Gazette de Liége

C’était en octobre 2012, la Société régionale du transport (SRWT) et le Tec Liège-Verviers présentaient officiellement le premier bus hybride de la flotte liégeoise qui était testé anonymement sur la ligne 48 depuis plusieurs mois. Cet Hybribus est doté d’un moteur hybride combiné (diesel et électrique rechargeable) unique au monde, mis au point par la spin-off liégeoise Green Propulsion. Lors de cette présentation, l’administrateur de la SRWT, Jean-Marc Vandenbroucke, déclarait que l’Hybribus répondait "parfaitement aux exigences fixées". Et l’on ajoutait que le Tec Liège, qui devait renouveler en 2013 une partie de sa flotte, envisageait "sérieusement l’achat de bus hybrides".

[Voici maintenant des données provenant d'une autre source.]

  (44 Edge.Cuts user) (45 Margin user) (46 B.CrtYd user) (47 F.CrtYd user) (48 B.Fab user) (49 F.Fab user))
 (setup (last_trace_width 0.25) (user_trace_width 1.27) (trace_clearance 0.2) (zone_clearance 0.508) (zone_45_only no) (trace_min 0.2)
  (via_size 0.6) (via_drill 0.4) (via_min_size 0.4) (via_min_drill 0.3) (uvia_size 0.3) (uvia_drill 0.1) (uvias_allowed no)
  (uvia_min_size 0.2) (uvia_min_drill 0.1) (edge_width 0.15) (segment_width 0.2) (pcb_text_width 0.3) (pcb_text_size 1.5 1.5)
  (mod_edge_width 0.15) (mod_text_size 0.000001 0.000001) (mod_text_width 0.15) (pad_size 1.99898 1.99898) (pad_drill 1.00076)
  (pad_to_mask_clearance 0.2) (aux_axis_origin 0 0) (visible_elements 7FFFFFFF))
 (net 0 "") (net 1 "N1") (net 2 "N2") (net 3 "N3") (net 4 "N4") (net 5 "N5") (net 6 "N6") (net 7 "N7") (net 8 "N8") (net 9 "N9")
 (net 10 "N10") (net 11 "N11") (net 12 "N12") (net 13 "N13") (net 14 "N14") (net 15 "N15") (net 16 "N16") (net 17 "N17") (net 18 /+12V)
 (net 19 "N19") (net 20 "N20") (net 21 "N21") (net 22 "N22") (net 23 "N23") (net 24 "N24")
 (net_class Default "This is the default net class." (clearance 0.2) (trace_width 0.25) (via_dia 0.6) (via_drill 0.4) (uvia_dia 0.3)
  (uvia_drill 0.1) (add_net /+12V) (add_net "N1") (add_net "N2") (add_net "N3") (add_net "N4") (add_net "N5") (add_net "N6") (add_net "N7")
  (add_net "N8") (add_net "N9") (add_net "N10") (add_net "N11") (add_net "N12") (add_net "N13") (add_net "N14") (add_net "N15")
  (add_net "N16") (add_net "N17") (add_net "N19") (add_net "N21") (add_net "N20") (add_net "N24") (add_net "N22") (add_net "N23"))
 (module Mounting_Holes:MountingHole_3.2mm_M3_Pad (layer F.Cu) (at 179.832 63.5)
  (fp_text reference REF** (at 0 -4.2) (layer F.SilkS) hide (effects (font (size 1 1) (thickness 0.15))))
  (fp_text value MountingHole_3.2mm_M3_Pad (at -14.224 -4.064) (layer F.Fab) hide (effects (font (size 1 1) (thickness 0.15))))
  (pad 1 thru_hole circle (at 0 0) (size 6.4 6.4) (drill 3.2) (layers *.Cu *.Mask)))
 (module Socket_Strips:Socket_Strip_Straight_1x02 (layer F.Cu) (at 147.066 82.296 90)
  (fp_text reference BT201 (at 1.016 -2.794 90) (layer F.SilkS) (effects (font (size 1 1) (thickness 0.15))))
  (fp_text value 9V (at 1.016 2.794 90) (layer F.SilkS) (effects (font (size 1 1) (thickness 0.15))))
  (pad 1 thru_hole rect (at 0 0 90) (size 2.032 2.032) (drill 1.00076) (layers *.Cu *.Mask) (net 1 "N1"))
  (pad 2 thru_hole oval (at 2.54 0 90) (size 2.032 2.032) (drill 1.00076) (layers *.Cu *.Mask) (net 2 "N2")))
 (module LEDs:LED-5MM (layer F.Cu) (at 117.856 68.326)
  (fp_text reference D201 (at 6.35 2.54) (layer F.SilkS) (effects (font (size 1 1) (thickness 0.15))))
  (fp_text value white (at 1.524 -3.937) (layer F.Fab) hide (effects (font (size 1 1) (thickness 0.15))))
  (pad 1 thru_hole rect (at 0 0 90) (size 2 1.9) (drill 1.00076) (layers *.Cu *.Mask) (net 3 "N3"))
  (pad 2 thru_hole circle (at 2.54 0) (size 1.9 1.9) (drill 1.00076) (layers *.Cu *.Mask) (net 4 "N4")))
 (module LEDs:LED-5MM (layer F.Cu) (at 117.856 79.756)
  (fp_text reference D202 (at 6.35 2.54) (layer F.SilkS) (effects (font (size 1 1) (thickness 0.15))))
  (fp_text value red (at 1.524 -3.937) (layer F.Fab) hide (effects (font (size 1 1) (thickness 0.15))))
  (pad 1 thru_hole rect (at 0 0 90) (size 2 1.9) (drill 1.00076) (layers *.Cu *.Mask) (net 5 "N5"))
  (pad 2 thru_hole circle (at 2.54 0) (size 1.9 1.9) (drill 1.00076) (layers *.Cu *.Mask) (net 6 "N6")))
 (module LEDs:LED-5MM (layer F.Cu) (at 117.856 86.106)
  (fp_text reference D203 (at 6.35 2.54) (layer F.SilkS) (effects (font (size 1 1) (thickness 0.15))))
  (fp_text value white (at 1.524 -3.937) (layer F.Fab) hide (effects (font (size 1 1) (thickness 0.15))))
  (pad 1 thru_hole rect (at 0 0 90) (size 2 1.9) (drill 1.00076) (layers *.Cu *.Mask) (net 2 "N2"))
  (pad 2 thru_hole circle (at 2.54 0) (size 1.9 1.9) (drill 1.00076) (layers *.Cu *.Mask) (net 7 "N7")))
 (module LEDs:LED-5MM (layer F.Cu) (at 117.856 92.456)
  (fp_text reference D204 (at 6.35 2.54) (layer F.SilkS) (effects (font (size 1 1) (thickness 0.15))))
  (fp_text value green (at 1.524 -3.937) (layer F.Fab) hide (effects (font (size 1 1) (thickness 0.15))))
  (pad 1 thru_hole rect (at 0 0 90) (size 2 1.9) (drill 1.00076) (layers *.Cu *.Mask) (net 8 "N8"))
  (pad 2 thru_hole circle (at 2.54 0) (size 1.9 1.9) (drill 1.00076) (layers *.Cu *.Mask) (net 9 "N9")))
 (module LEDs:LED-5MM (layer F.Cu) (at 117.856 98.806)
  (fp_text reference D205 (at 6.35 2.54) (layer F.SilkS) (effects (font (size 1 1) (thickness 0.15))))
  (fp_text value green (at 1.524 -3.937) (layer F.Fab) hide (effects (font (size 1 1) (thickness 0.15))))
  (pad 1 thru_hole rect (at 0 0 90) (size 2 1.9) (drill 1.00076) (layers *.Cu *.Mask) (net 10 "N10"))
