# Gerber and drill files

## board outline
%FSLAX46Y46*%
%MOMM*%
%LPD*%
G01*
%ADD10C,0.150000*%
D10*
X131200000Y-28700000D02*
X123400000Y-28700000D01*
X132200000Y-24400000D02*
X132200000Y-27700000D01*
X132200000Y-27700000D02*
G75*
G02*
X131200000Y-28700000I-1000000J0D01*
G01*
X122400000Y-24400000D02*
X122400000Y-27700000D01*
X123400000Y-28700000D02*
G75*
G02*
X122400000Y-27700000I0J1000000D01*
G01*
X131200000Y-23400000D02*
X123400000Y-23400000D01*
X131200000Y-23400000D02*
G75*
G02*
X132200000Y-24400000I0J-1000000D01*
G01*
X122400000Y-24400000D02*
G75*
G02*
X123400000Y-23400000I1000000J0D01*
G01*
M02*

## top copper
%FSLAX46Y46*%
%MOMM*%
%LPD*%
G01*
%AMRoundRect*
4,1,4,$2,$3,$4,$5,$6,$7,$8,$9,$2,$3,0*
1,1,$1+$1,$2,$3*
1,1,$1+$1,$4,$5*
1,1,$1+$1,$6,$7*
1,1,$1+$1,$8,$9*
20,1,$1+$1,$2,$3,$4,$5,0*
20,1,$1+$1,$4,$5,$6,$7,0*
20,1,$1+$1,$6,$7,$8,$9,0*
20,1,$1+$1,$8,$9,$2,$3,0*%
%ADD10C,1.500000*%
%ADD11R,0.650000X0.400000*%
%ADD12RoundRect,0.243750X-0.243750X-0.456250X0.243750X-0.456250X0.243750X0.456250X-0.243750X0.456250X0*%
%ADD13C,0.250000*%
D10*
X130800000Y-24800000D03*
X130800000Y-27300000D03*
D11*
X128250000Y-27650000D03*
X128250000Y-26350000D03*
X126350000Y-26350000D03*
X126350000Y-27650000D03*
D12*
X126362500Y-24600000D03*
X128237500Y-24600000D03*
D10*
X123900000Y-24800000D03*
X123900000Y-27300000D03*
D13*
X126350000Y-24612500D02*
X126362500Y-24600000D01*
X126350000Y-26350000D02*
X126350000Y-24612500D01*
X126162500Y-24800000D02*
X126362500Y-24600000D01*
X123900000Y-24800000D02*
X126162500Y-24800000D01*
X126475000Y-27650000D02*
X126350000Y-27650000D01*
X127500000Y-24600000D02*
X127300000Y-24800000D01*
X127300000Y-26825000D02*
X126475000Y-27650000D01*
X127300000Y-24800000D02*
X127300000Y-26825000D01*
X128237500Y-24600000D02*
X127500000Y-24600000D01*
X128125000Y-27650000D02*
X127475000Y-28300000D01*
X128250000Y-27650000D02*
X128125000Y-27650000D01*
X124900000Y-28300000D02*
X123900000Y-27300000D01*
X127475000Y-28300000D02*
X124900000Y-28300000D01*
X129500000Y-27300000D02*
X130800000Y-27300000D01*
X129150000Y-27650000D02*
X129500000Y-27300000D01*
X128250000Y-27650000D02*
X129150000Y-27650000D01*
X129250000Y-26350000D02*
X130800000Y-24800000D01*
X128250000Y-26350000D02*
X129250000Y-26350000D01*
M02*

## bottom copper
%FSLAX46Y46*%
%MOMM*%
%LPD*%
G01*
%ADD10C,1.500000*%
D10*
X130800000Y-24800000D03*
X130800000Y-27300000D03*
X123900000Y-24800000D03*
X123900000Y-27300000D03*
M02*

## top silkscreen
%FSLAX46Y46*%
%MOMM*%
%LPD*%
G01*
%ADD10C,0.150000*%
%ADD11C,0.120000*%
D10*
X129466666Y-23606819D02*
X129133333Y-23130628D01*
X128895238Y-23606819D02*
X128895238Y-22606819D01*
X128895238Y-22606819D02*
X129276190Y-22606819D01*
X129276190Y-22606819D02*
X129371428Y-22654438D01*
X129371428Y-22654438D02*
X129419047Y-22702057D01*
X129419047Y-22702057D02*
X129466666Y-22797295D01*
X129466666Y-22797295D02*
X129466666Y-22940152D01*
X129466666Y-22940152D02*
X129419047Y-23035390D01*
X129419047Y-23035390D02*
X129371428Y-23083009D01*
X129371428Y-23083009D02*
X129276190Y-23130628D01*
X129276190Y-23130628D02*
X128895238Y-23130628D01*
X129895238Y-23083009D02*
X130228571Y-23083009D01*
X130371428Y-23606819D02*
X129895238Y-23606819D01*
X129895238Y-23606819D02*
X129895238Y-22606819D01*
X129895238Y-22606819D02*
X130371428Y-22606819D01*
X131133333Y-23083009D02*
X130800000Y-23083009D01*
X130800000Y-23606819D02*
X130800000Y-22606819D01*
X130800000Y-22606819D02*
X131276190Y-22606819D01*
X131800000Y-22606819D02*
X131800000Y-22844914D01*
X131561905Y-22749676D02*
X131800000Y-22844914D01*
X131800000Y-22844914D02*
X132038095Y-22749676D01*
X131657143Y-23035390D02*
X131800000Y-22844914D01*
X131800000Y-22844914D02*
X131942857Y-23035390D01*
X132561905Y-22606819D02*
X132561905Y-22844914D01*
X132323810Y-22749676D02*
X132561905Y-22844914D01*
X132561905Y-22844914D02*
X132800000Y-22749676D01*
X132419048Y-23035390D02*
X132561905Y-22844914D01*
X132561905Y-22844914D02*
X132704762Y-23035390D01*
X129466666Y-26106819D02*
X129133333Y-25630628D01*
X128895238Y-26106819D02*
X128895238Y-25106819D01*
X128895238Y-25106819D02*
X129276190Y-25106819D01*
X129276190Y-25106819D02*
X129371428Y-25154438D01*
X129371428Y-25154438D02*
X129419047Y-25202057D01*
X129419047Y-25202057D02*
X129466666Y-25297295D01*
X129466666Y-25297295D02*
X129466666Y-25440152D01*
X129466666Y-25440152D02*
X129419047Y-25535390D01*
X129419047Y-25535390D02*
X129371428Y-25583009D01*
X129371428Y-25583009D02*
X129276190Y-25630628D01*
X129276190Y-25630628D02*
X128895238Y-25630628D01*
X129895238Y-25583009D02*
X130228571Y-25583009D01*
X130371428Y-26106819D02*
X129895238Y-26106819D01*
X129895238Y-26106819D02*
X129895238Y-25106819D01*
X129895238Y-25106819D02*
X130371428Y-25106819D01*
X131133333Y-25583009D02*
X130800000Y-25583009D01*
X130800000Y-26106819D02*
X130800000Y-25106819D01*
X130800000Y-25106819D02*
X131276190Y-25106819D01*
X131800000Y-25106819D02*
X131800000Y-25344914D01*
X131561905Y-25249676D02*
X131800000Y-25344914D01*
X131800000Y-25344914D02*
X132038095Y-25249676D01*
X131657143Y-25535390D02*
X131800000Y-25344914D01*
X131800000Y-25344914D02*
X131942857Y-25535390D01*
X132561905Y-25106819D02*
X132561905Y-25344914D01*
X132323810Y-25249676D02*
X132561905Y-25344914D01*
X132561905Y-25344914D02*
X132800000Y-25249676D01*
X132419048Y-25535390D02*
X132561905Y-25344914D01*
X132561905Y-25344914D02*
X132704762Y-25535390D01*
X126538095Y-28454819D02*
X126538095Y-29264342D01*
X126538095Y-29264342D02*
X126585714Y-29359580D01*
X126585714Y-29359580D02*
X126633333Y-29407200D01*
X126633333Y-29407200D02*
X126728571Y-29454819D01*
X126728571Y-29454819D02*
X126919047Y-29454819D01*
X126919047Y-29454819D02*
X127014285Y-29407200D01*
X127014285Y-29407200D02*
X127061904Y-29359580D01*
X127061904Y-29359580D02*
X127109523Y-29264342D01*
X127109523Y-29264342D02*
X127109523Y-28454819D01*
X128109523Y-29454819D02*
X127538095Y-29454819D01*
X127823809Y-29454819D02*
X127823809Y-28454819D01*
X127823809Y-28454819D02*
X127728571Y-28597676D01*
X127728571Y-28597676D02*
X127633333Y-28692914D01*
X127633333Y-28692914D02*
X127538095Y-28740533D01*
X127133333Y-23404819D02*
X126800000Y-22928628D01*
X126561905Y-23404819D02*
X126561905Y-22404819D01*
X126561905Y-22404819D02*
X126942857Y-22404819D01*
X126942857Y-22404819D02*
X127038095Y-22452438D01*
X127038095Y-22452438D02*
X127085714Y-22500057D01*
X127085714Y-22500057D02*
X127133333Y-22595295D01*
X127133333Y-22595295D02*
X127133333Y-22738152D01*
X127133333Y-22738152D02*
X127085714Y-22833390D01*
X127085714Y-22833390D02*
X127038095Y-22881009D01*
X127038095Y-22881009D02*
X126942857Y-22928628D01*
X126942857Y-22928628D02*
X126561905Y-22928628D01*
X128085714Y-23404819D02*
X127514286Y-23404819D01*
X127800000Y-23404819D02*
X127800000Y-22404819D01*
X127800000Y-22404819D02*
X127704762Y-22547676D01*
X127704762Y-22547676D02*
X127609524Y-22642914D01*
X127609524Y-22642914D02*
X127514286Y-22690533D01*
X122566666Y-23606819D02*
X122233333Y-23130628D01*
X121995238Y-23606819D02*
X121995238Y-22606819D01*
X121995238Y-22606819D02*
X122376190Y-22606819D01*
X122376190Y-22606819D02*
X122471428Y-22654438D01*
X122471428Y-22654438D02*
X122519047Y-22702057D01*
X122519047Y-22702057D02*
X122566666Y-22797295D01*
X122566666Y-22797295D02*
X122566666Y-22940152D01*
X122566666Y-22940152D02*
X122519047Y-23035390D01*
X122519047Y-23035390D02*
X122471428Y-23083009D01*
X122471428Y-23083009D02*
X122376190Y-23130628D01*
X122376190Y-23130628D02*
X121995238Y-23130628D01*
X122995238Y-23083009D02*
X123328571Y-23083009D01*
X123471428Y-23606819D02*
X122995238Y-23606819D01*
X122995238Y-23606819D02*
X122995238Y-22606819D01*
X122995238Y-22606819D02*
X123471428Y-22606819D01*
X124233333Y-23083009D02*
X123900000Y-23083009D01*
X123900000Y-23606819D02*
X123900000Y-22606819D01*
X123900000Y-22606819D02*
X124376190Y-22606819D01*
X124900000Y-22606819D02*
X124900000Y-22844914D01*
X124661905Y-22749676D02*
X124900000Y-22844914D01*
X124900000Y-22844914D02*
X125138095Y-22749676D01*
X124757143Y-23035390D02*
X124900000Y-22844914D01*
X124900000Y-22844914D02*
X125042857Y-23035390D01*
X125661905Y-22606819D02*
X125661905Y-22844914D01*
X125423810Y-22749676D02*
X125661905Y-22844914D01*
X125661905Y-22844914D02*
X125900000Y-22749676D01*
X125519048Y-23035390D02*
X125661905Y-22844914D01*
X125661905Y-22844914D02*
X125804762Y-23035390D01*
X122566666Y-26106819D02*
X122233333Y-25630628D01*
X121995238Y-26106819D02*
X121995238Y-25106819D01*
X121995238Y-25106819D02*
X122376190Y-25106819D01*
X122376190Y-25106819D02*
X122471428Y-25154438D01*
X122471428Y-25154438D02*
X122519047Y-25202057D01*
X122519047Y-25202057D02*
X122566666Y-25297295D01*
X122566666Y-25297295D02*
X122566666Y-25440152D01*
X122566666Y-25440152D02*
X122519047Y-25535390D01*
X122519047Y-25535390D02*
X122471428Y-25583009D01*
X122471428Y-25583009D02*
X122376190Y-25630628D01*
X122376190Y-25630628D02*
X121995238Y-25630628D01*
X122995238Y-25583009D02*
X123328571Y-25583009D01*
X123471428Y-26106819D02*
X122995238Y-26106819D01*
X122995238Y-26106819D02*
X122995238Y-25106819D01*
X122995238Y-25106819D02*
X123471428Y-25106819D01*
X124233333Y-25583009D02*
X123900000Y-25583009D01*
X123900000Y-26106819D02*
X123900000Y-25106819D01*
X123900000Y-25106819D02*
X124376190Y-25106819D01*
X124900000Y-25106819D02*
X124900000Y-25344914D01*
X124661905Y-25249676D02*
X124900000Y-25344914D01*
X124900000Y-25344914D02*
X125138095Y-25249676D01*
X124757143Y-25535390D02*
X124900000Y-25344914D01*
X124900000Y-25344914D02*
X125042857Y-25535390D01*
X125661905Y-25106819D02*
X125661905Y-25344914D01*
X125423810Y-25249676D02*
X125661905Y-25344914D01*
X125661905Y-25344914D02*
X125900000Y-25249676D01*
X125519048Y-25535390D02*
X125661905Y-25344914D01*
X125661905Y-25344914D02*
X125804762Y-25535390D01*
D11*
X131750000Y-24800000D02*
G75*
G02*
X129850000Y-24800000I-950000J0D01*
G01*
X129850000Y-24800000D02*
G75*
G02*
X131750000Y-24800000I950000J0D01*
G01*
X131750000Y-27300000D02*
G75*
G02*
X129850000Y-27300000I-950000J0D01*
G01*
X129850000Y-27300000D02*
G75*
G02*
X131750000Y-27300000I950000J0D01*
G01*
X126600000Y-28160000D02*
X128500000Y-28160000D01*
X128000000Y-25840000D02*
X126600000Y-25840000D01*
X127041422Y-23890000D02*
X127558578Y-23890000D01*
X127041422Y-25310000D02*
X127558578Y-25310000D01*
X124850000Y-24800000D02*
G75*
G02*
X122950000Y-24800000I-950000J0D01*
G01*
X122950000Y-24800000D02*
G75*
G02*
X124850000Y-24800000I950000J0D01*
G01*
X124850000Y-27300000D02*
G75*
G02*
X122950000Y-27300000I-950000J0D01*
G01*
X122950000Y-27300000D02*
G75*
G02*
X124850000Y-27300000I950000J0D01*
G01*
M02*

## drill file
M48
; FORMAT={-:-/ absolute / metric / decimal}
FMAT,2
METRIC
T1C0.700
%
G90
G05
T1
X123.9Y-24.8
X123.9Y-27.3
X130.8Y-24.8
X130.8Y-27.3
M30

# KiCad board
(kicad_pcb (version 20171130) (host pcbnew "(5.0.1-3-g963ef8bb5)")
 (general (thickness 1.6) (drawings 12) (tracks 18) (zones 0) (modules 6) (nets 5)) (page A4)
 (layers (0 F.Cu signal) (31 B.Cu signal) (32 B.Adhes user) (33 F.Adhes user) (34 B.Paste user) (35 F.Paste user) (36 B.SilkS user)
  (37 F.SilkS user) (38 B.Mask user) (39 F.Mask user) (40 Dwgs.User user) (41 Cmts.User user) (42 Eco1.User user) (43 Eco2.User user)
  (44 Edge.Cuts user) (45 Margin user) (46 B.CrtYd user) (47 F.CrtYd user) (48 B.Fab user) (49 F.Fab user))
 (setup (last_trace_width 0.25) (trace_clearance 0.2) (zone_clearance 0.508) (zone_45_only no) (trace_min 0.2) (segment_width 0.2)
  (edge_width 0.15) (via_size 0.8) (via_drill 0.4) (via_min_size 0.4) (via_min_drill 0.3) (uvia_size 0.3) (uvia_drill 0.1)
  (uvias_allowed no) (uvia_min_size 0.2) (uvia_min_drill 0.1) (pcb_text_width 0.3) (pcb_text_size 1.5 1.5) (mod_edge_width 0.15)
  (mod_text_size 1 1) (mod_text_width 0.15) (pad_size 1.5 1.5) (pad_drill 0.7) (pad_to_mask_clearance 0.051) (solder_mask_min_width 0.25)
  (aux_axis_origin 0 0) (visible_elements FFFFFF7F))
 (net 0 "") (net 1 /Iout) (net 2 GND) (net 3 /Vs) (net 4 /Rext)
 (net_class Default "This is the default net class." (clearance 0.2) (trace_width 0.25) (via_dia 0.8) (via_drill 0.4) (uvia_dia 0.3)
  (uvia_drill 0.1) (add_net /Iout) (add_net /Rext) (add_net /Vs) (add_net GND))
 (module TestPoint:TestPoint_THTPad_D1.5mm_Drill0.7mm (layer F.Cu) (at 130.8 24.8)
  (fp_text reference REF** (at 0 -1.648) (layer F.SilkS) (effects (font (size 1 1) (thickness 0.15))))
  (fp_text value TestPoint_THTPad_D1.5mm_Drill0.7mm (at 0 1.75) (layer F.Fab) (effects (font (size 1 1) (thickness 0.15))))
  (fp_circle (center 0 0) (end 0 0.95) (layer F.SilkS) (width 0.12))
  (pad 1 thru_hole circle (at 0 0) (size 1.5 1.5) (drill 0.7) (layers *.Cu *.Mask) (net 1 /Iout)))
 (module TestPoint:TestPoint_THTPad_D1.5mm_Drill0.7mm (layer F.Cu) (at 130.8 27.3)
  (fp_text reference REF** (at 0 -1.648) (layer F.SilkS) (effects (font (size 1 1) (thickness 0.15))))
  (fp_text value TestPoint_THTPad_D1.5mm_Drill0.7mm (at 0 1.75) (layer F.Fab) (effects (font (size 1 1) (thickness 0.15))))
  (fp_circle (center 0 0) (end 0 0.95) (layer F.SilkS) (width 0.12))
  (pad 1 thru_hole circle (at 0 0) (size 1.5 1.5) (drill 0.7) (layers *.Cu *.Mask) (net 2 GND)))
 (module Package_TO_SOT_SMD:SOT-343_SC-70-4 (layer F.Cu) (at 127.3 27 180)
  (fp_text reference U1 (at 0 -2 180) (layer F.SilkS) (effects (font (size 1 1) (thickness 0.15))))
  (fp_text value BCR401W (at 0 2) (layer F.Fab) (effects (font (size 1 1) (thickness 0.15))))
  (fp_line (start 0.7 -1.16) (end -1.2 -1.16) (layer F.SilkS) (width 0.12))
  (fp_line (start -0.7 1.16) (end 0.7 1.16) (layer F.SilkS) (width 0.12))
  (pad 1 smd rect (at -0.95 -0.65 180) (size 0.65 0.4) (layers F.Cu F.Paste F.Mask) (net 2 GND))
  (pad 2 smd rect (at -0.95 0.65 180) (size 0.65 0.4) (layers F.Cu F.Paste F.Mask) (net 1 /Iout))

Un an et demi plus tard et dans la perspective d’une volonté de la Ville de Liège d’encourager des projets axés sur de la mobilité électrique (on pense notamment au séminaire des étudiants de HEC, évoqué à plusieurs reprises dans la "Gazette"), verra-t-on prochainement d’autres bus hybrides rouler en Cité ardente ? Eh bien, il semble que ce ne soit pas pour demain, comme l’explique Stéphane Thiery, le directeur du marketing de la mobilité durable de la SRWT. "La phase de test de l’Hybribus n’est pas finie. Cela prend un certain temps de s’assurer de sa fiabilité totale au niveau des pannes, du comportement des batteries, de sa consommation, de la pollution générée ou du confort de conduite. Et ensuite, il faudra encore obtenir l’autorisation du SPF Mobilité pour sa mise en circulation officielle", annonce-t-il. "Il n’est pas à l’ordre du jour de passer à court terme des commandes en masse pour des bus hybrides, à cause du coût encore trop élevé (300000 euros contre 200000 pour un bus diesel standard, ndlr) et du fait qu’il faudrait trouver un partenaire industriel pour la production des véhicules."

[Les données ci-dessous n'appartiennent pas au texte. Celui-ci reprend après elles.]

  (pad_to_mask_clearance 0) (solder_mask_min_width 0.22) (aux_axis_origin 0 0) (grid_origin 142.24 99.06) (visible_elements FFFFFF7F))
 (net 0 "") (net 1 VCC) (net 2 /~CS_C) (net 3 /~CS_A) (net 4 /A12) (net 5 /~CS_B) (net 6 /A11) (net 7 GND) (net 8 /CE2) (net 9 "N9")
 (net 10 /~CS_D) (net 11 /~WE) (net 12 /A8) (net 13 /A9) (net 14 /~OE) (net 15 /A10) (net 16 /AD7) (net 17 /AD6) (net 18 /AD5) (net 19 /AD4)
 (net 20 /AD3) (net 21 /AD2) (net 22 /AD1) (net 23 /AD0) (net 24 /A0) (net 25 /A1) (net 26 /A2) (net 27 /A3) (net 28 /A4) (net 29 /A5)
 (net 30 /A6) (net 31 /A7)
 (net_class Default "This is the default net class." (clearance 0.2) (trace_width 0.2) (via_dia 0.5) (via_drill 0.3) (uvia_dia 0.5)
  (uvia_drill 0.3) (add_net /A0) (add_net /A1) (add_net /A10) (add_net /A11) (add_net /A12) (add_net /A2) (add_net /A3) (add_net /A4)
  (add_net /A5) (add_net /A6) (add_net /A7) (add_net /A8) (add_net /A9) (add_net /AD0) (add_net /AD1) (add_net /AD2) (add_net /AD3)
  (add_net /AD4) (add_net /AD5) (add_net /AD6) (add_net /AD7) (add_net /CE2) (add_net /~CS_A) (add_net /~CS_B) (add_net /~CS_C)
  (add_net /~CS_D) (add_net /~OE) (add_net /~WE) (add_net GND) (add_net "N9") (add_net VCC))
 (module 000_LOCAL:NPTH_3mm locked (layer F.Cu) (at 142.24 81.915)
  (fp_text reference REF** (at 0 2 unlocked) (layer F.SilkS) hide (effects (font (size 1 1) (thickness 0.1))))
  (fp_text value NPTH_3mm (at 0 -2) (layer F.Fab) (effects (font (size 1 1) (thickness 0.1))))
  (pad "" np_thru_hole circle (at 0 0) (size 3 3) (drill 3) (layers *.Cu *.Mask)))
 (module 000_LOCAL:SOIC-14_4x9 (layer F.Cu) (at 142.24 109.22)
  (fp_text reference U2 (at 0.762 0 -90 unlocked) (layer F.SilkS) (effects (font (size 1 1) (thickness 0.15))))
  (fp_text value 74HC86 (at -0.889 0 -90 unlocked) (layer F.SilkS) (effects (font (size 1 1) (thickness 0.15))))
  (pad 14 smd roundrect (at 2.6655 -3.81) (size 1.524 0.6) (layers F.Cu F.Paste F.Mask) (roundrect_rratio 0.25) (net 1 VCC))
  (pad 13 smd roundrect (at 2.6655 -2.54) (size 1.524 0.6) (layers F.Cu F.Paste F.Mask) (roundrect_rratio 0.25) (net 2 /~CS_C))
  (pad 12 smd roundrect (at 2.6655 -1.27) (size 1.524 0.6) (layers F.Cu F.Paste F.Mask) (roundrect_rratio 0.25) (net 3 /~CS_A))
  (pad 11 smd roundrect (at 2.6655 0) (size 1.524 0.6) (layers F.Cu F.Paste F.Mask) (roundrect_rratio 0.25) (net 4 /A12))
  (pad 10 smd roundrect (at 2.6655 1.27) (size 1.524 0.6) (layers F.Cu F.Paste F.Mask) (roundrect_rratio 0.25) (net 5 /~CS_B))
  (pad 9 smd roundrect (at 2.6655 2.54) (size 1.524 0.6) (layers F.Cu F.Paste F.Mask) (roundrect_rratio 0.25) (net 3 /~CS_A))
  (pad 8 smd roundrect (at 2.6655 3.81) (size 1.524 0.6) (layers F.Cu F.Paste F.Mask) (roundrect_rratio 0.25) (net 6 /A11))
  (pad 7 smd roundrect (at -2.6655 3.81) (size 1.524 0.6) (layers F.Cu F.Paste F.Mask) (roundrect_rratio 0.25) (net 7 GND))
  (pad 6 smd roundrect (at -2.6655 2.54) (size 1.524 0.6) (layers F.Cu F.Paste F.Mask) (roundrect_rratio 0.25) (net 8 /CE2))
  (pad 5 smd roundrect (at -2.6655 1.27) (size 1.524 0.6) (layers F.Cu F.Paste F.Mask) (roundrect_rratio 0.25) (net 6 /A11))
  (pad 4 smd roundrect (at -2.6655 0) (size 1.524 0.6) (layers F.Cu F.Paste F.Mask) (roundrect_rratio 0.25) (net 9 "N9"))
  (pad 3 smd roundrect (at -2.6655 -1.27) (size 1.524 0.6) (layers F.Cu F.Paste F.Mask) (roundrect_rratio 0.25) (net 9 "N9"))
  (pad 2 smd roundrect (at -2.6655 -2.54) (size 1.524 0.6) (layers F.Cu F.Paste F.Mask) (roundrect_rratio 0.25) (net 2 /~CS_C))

Namur pourrait être servi avant Liège

La SRWT se dit toutefois "ouverte" à la technologie hybride. "Nous devons passer des commandes pour de nouveaux véhicules sur le réseau wallon et nous étudions, sur demande de la Ville de Namur qui souhaite une réduction des émissions de polluants par les véhicules, la possibilité d’acheter treize bus hybrides qui circuleraient dans l’hypercentre dès 2016. Nous n’avons pas reçu ce type de demandes de la part de villes ou communes liégeoises", indique Stéphane Thiery. Le directeur du marketing précise encore que l’Hybribus, propriété de la SRWT, pourrait même être prêté à une autre ville au terme de sa phase de test. Il n’y aurait alors plus aucun bus à motorisation plus propre dans les rues de Liège.

Du côté de Green Propulsion, on ne se décourage pas. "Nous sommes actuellement occupés à étudier comment améliorer les paramètres de poids, de consommation, de fiabilité et de coût de l’Hybribus. Il restera tout de même plus cher qu’un bus standard", signale Yves Toussaint, le directeur exécutif de Green Propulsion. La société liégeoise a de l’ambition. "Pour l’instant, il n’y a qu’un prototype d’Hybribus et nous sommes incapables de répondre à d’autres demandes mais on y travaille. Nous comptons produire ces motorisations hybrides en série à Liège. Nous sommes en discussions avec deux constructeurs de bus et notre objectif est de nous ouvrir aux marchés étrangers", révèle le directeur.